____ Supplied records

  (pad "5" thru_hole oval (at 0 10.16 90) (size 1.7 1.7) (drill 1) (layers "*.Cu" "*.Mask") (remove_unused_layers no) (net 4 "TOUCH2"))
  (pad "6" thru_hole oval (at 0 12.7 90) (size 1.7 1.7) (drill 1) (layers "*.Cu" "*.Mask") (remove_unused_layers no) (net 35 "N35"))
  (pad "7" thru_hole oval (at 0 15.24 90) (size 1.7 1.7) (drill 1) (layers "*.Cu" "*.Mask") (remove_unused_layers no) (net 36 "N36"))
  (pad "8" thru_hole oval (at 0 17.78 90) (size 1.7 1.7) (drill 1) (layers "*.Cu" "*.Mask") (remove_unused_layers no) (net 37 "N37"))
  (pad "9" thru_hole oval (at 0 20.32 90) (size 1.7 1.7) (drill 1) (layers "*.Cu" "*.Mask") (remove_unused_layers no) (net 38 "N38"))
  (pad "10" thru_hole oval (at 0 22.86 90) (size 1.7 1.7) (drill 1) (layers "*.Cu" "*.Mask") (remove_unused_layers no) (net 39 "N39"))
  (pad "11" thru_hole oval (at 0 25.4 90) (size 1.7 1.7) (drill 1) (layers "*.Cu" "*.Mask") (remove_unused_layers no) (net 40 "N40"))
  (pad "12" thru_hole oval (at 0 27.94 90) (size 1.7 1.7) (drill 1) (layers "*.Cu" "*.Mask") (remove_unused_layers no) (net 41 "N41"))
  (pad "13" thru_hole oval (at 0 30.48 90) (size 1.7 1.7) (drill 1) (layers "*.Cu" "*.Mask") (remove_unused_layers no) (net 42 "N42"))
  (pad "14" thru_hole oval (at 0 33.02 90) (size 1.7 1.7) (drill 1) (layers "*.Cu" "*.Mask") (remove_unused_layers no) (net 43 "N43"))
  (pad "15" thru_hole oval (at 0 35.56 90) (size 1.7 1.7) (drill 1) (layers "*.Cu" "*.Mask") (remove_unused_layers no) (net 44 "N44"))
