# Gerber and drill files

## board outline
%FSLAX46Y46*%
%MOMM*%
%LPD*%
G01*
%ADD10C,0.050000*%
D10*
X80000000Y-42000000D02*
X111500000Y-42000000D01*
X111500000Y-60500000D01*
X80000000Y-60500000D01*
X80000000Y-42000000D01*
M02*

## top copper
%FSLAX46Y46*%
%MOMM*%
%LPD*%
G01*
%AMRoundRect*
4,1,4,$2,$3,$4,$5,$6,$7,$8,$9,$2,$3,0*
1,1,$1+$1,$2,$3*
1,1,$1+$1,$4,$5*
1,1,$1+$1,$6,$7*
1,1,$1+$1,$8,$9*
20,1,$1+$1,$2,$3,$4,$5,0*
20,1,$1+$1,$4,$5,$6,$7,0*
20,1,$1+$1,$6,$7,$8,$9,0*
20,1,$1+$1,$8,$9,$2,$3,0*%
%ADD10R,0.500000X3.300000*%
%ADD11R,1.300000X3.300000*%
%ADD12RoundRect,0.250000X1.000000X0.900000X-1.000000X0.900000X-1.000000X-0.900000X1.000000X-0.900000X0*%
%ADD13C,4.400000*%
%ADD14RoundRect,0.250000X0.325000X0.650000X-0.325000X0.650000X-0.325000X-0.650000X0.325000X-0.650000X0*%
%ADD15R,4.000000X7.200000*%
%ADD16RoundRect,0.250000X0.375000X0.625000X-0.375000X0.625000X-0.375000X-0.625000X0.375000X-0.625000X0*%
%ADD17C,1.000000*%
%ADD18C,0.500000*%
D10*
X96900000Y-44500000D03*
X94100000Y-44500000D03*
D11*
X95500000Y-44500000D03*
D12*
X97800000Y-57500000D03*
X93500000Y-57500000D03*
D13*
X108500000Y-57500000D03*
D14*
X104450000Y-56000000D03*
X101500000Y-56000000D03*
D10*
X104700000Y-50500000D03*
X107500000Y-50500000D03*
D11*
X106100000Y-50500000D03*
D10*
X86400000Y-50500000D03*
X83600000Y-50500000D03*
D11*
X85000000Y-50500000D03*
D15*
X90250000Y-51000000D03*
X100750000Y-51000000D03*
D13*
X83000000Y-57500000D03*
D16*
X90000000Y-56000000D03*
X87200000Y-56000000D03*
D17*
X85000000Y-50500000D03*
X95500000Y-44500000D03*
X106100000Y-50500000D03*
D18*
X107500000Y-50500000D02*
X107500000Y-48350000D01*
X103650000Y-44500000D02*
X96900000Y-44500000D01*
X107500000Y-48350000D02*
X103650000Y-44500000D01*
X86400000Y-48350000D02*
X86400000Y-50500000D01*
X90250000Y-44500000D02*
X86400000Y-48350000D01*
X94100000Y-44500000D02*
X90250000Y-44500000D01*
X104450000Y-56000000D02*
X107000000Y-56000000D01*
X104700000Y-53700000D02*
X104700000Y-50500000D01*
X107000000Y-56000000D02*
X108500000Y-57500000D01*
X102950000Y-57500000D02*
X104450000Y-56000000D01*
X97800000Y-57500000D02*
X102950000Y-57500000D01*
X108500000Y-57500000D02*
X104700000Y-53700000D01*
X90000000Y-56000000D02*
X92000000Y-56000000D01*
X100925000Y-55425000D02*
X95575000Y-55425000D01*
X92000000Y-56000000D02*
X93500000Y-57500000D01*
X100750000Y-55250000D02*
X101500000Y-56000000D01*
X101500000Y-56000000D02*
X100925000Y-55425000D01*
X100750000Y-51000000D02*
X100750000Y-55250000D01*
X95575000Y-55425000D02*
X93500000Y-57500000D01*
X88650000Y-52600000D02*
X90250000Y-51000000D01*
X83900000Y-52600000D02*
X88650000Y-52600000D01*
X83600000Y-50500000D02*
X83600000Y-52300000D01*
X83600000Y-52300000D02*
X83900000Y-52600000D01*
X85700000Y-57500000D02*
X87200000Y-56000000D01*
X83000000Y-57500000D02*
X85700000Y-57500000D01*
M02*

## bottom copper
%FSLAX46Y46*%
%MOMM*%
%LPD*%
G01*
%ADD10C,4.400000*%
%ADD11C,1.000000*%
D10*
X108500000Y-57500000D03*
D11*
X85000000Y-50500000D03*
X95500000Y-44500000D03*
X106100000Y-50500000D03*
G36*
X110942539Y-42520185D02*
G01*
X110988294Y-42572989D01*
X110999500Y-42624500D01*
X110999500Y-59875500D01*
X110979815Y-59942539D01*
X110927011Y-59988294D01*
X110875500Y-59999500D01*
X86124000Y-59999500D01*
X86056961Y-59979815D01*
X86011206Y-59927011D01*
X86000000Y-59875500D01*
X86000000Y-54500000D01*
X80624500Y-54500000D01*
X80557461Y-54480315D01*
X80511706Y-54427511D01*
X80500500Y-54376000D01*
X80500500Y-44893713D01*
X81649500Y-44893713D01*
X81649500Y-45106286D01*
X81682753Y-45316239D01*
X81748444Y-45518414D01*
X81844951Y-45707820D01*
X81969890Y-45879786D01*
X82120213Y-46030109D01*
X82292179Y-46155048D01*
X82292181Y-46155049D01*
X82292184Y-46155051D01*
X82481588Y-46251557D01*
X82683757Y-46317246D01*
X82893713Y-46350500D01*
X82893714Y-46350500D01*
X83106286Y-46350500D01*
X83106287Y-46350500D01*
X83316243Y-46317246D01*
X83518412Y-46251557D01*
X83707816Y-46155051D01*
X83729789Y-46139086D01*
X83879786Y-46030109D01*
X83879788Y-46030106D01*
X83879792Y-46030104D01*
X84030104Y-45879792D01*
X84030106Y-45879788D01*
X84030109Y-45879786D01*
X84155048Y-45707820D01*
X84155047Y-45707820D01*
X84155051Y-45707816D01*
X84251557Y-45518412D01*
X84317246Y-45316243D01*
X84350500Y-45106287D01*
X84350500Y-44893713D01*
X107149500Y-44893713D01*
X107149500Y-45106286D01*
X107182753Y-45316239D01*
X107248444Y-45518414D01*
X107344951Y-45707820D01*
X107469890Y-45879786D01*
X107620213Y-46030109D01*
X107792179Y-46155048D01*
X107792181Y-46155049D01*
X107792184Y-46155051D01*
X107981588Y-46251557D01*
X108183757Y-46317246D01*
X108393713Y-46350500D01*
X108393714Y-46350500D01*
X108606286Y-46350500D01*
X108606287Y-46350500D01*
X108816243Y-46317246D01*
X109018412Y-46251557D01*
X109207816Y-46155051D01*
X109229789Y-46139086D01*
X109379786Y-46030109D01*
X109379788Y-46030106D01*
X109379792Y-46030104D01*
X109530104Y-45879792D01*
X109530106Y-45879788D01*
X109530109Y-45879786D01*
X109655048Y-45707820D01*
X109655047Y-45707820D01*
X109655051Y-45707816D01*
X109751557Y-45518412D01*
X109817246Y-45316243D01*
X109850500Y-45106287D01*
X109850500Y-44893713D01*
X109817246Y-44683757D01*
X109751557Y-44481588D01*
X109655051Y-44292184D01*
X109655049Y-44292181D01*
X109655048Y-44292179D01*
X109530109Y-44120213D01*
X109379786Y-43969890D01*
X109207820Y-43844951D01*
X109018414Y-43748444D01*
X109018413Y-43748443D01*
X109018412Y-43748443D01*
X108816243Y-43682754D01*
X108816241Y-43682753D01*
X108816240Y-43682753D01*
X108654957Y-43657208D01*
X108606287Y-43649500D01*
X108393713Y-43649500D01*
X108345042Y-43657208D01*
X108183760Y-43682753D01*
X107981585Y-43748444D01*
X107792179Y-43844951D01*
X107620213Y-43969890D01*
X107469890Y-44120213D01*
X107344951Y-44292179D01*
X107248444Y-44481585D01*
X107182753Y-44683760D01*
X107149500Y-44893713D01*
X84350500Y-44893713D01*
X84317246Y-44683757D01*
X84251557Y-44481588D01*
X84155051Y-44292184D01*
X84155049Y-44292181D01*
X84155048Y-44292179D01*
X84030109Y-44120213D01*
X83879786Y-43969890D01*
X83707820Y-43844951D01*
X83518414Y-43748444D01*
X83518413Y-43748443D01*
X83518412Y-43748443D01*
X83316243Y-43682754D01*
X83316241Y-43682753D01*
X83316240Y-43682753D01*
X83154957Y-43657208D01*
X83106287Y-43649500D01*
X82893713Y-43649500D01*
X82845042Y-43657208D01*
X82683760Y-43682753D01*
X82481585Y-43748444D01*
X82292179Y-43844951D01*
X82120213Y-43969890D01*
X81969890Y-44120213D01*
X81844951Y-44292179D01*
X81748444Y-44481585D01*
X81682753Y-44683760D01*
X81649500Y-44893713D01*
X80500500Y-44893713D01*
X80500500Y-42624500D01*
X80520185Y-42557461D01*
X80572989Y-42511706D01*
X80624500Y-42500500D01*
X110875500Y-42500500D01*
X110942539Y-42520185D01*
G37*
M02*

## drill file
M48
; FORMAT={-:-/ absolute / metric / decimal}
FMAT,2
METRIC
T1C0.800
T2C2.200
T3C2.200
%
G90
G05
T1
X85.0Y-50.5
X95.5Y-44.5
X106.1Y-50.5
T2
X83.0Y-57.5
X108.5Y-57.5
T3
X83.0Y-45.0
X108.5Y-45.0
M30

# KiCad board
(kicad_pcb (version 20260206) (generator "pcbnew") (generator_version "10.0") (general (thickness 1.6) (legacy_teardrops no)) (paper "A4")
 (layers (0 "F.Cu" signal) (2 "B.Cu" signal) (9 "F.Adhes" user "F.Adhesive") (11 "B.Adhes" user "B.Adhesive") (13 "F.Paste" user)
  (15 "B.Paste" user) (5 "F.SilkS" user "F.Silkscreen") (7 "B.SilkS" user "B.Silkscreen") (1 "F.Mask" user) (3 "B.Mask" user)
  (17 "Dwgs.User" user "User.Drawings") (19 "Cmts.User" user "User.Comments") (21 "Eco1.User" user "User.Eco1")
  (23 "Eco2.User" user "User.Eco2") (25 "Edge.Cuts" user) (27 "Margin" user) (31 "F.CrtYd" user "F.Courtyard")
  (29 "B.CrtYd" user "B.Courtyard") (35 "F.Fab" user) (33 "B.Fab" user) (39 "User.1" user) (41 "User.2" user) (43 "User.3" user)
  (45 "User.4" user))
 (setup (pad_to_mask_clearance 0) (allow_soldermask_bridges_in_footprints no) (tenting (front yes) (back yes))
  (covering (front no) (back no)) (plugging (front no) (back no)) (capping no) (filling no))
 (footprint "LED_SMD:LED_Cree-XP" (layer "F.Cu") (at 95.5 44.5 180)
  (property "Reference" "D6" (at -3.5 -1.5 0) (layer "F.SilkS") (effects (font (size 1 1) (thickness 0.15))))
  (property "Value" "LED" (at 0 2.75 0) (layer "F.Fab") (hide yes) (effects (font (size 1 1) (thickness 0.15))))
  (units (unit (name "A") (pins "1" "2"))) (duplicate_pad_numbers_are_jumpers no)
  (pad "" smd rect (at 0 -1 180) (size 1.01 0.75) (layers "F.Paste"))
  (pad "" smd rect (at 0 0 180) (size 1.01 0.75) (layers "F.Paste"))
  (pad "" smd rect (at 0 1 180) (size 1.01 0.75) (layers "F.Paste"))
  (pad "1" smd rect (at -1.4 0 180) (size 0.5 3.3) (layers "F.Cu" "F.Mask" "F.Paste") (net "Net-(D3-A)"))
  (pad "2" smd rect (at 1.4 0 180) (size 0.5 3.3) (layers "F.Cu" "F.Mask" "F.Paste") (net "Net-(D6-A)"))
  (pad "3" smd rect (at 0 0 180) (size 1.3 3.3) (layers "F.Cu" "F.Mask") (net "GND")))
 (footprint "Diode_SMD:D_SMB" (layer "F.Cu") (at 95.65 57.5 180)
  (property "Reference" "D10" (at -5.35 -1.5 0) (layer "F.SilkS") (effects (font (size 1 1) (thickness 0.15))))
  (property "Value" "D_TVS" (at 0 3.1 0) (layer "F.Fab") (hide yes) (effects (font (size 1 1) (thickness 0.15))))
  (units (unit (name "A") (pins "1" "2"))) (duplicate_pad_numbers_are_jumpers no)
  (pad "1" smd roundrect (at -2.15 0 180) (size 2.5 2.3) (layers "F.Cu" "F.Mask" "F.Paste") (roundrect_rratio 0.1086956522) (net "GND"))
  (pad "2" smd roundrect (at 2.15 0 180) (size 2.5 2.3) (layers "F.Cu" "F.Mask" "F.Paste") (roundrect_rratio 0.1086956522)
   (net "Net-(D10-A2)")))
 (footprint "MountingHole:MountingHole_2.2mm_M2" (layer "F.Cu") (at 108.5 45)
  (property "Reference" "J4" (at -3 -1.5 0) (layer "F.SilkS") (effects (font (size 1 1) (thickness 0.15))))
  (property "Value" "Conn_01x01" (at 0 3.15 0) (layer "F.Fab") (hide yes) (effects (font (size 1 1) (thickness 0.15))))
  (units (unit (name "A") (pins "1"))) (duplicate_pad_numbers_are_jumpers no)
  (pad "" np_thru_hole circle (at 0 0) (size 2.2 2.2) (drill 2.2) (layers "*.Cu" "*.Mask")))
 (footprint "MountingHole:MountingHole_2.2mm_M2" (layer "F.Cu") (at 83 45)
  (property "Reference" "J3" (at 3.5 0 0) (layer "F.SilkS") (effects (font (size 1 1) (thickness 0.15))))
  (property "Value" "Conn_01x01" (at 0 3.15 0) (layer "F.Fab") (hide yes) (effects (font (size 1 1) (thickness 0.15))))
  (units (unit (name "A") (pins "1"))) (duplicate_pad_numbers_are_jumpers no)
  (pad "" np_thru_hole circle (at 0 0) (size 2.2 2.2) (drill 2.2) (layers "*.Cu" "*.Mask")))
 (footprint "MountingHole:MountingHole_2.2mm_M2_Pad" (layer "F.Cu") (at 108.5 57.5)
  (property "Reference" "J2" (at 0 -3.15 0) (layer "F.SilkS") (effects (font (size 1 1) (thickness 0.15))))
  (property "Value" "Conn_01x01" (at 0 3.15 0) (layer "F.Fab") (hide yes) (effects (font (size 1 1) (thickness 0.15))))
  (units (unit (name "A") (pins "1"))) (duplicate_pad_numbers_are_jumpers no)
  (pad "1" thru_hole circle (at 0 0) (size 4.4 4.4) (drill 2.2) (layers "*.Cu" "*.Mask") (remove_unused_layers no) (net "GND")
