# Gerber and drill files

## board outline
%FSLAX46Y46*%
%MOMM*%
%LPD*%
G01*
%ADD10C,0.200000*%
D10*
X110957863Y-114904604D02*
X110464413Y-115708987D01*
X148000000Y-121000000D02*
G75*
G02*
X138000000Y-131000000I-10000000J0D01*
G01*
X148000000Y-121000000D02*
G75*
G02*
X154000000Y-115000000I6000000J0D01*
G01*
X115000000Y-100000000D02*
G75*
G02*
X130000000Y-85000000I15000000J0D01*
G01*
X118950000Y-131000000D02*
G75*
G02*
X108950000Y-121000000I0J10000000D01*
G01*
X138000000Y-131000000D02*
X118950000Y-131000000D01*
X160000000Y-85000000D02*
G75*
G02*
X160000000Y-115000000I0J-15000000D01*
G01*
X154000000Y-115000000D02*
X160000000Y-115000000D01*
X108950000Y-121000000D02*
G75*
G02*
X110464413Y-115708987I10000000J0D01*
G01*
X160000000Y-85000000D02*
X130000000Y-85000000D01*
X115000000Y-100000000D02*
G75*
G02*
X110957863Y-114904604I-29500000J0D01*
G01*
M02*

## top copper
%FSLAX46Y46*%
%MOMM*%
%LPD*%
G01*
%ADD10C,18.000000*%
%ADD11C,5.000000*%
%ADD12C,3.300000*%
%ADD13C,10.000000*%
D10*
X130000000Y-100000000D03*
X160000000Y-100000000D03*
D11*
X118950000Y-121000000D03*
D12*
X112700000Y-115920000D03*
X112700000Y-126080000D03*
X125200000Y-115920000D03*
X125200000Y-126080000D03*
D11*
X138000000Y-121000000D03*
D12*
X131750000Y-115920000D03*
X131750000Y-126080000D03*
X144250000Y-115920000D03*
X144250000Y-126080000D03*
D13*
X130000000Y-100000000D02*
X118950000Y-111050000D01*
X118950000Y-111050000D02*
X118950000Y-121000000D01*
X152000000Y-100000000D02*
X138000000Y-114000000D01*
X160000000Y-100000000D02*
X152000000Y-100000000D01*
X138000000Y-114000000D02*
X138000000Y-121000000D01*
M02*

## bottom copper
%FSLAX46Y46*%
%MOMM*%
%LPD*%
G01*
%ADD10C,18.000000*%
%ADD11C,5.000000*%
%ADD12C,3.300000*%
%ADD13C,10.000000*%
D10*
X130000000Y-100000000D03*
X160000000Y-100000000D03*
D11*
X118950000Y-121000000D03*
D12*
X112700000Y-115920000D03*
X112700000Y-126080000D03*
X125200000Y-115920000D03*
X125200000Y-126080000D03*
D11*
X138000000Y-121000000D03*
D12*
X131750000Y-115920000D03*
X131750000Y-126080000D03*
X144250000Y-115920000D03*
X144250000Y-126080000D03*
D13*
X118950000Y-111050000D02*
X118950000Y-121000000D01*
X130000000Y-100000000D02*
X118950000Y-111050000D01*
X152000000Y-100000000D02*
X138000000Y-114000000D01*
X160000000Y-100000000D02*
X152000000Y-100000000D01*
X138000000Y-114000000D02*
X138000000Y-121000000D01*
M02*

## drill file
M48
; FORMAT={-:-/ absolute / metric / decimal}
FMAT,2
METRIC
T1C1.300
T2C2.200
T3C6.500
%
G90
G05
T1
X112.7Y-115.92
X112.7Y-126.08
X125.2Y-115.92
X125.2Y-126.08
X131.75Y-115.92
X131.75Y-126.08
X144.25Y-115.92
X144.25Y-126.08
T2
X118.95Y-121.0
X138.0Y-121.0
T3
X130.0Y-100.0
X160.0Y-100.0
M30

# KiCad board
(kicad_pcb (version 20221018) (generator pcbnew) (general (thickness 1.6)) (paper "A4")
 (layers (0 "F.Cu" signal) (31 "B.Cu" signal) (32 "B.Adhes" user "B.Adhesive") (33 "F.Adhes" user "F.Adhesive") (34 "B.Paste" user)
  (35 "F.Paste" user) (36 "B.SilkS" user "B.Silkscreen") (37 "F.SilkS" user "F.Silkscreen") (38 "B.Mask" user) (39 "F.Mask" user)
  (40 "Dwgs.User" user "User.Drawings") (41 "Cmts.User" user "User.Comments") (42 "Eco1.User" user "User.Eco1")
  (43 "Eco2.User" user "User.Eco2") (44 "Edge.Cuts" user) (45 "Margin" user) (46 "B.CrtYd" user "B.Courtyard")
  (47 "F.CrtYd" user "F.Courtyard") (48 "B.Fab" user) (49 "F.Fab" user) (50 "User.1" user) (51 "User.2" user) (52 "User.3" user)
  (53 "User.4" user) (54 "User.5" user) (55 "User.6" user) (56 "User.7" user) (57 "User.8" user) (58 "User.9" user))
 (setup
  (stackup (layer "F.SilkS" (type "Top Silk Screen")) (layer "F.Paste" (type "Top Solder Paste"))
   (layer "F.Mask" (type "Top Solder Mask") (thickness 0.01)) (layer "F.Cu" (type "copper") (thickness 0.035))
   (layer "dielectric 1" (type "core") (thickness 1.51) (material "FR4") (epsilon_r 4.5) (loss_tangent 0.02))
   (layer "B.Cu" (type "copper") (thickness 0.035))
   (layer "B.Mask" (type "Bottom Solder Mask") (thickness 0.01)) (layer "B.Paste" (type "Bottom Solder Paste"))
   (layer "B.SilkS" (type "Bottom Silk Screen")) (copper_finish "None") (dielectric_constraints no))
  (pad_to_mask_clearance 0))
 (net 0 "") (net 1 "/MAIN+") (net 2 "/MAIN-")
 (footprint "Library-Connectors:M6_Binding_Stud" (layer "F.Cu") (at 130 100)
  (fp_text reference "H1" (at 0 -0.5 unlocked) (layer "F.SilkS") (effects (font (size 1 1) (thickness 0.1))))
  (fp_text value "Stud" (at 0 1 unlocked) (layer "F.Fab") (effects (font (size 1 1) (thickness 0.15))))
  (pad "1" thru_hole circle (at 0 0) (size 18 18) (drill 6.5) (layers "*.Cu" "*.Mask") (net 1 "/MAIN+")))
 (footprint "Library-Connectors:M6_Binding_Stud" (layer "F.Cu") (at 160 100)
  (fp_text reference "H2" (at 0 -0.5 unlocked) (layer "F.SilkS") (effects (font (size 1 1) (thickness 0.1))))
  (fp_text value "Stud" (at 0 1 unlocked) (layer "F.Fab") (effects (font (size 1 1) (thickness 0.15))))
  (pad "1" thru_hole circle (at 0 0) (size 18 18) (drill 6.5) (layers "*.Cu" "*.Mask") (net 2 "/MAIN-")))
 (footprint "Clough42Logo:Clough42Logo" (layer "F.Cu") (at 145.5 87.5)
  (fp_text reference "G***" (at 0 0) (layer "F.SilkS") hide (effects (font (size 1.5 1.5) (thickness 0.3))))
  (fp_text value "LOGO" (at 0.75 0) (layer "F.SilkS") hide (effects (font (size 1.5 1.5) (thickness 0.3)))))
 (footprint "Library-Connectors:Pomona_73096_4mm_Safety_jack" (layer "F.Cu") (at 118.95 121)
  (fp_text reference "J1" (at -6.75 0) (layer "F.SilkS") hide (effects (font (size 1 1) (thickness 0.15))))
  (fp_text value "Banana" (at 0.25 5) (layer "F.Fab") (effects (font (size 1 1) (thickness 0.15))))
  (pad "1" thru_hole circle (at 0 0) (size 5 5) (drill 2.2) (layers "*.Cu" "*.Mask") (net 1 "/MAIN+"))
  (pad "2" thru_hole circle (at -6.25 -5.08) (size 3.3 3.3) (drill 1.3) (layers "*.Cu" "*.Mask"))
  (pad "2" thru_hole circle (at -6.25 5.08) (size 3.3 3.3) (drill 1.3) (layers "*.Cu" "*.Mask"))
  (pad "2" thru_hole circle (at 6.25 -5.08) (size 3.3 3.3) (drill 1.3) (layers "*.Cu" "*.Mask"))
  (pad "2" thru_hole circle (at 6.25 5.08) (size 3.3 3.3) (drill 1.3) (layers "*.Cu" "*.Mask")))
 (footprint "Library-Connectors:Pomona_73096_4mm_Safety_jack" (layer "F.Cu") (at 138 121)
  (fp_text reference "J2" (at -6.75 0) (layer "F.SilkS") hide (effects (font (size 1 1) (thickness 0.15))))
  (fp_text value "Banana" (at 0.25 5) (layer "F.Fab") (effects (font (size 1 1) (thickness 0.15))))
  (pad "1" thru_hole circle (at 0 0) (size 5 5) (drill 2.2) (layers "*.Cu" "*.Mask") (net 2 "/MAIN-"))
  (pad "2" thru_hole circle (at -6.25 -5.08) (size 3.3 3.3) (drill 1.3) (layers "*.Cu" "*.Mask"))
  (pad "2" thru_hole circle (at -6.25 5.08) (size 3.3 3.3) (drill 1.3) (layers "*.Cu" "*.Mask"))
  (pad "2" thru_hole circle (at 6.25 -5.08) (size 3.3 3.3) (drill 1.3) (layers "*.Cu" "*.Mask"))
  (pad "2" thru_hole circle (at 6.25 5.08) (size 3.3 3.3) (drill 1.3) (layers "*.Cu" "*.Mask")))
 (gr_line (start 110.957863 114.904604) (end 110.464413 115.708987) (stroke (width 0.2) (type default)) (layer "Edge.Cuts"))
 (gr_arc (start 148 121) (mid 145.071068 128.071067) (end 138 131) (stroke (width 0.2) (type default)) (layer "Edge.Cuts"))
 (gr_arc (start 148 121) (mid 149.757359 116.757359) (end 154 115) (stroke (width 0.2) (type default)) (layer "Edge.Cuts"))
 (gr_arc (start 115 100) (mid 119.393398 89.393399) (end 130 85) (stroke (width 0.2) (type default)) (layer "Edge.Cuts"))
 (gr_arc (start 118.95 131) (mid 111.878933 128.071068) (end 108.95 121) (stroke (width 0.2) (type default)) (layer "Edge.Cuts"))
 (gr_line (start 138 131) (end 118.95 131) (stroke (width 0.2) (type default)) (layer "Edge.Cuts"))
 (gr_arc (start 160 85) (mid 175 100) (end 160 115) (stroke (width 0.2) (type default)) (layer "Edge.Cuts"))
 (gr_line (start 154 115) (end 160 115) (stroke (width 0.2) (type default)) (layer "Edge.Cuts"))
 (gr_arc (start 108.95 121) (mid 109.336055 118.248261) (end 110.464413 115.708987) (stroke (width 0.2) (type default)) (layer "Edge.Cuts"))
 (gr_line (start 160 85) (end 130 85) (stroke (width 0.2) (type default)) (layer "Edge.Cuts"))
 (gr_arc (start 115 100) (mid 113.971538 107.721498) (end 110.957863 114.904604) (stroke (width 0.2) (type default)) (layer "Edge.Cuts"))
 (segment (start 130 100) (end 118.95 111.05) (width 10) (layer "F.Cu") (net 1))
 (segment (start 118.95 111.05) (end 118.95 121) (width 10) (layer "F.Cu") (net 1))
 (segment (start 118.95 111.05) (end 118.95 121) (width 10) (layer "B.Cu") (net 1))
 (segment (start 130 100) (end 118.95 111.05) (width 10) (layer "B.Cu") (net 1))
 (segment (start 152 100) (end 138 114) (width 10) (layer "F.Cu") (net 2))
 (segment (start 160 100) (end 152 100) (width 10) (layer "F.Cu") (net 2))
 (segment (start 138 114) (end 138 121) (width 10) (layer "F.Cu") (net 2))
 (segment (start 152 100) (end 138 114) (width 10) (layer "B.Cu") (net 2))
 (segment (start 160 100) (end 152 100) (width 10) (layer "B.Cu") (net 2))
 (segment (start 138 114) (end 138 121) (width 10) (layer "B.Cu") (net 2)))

________

__What to do__:
Write down again the exact lines running from the beginning of the data to the line containing "20,1,$1+$1,$6,$7,$8,$9,0*", with both ends included.

__Task result__:
  (pad "5" thru_hole oval (at 0 10.16 90) (size 1.7 1.7) (drill 1) (layers "*.Cu" "*.Mask") (remove_unused_layers no) (net 4 "TOUCH2"))
  (pad "6" thru_hole oval (at 0 12.7 90) (size 1.7 1.7) (drill 1) (layers "*.Cu" "*.Mask") (remove_unused_layers no) (net 35 "N35"))
  (pad "7" thru_hole oval (at 0 15.24 90) (size 1.7 1.7) (drill 1) (layers "*.Cu" "*.Mask") (remove_unused_layers no) (net 36 "N36"))
  (pad "8" thru_hole oval (at 0 17.78 90) (size 1.7 1.7) (drill 1) (layers "*.Cu" "*.Mask") (remove_unused_layers no) (net 37 "N37"))
  (pad "9" thru_hole oval (at 0 20.32 90) (size 1.7 1.7) (drill 1) (layers "*.Cu" "*.Mask") (remove_unused_layers no) (net 38 "N38"))
  (pad "10" thru_hole oval (at 0 22.86 90) (size 1.7 1.7) (drill 1) (layers "*.Cu" "*.Mask") (remove_unused_layers no) (net 39 "N39"))
  (pad "11" thru_hole oval (at 0 25.4 90) (size 1.7 1.7) (drill 1) (layers "*.Cu" "*.Mask") (remove_unused_layers no) (net 40 "N40"))
  (pad "12" thru_hole oval (at 0 27.94 90) (size 1.7 1.7) (drill 1) (layers "*.Cu" "*.Mask") (remove_unused_layers no) (net 41 "N41"))
  (pad "13" thru_hole oval (at 0 30.48 90) (size 1.7 1.7) (drill 1) (layers "*.Cu" "*.Mask") (remove_unused_layers no) (net 42 "N42"))
  (pad "14" thru_hole oval (at 0 33.02 90) (size 1.7 1.7) (drill 1) (layers "*.Cu" "*.Mask") (remove_unused_layers no) (net 43 "N43"))
  (pad "15" thru_hole oval (at 0 35.56 90) (size 1.7 1.7) (drill 1) (layers "*.Cu" "*.Mask") (remove_unused_layers no) (net 44 "N44"))
# Gerber and drill files

## board outline
%FSLAX46Y46*%
%MOMM*%
%LPD*%
G01*
%ADD10C,0.050000*%
D10*
X80000000Y-42000000D02*
X111500000Y-42000000D01*
X111500000Y-60500000D01*
X80000000Y-60500000D01*
X80000000Y-42000000D01*
M02*

## top copper
%FSLAX46Y46*%
%MOMM*%
%LPD*%
G01*
%AMRoundRect*
4,1,4,$2,$3,$4,$5,$6,$7,$8,$9,$2,$3,0*
1,1,$1+$1,$2,$3*
1,1,$1+$1,$4,$5*
1,1,$1+$1,$6,$7*
1,1,$1+$1,$8,$9*
20,1,$1+$1,$2,$3,$4,$5,0*
20,1,$1+$1,$4,$5,$6,$7,0*
20,1,$1+$1,$6,$7,$8,$9,0*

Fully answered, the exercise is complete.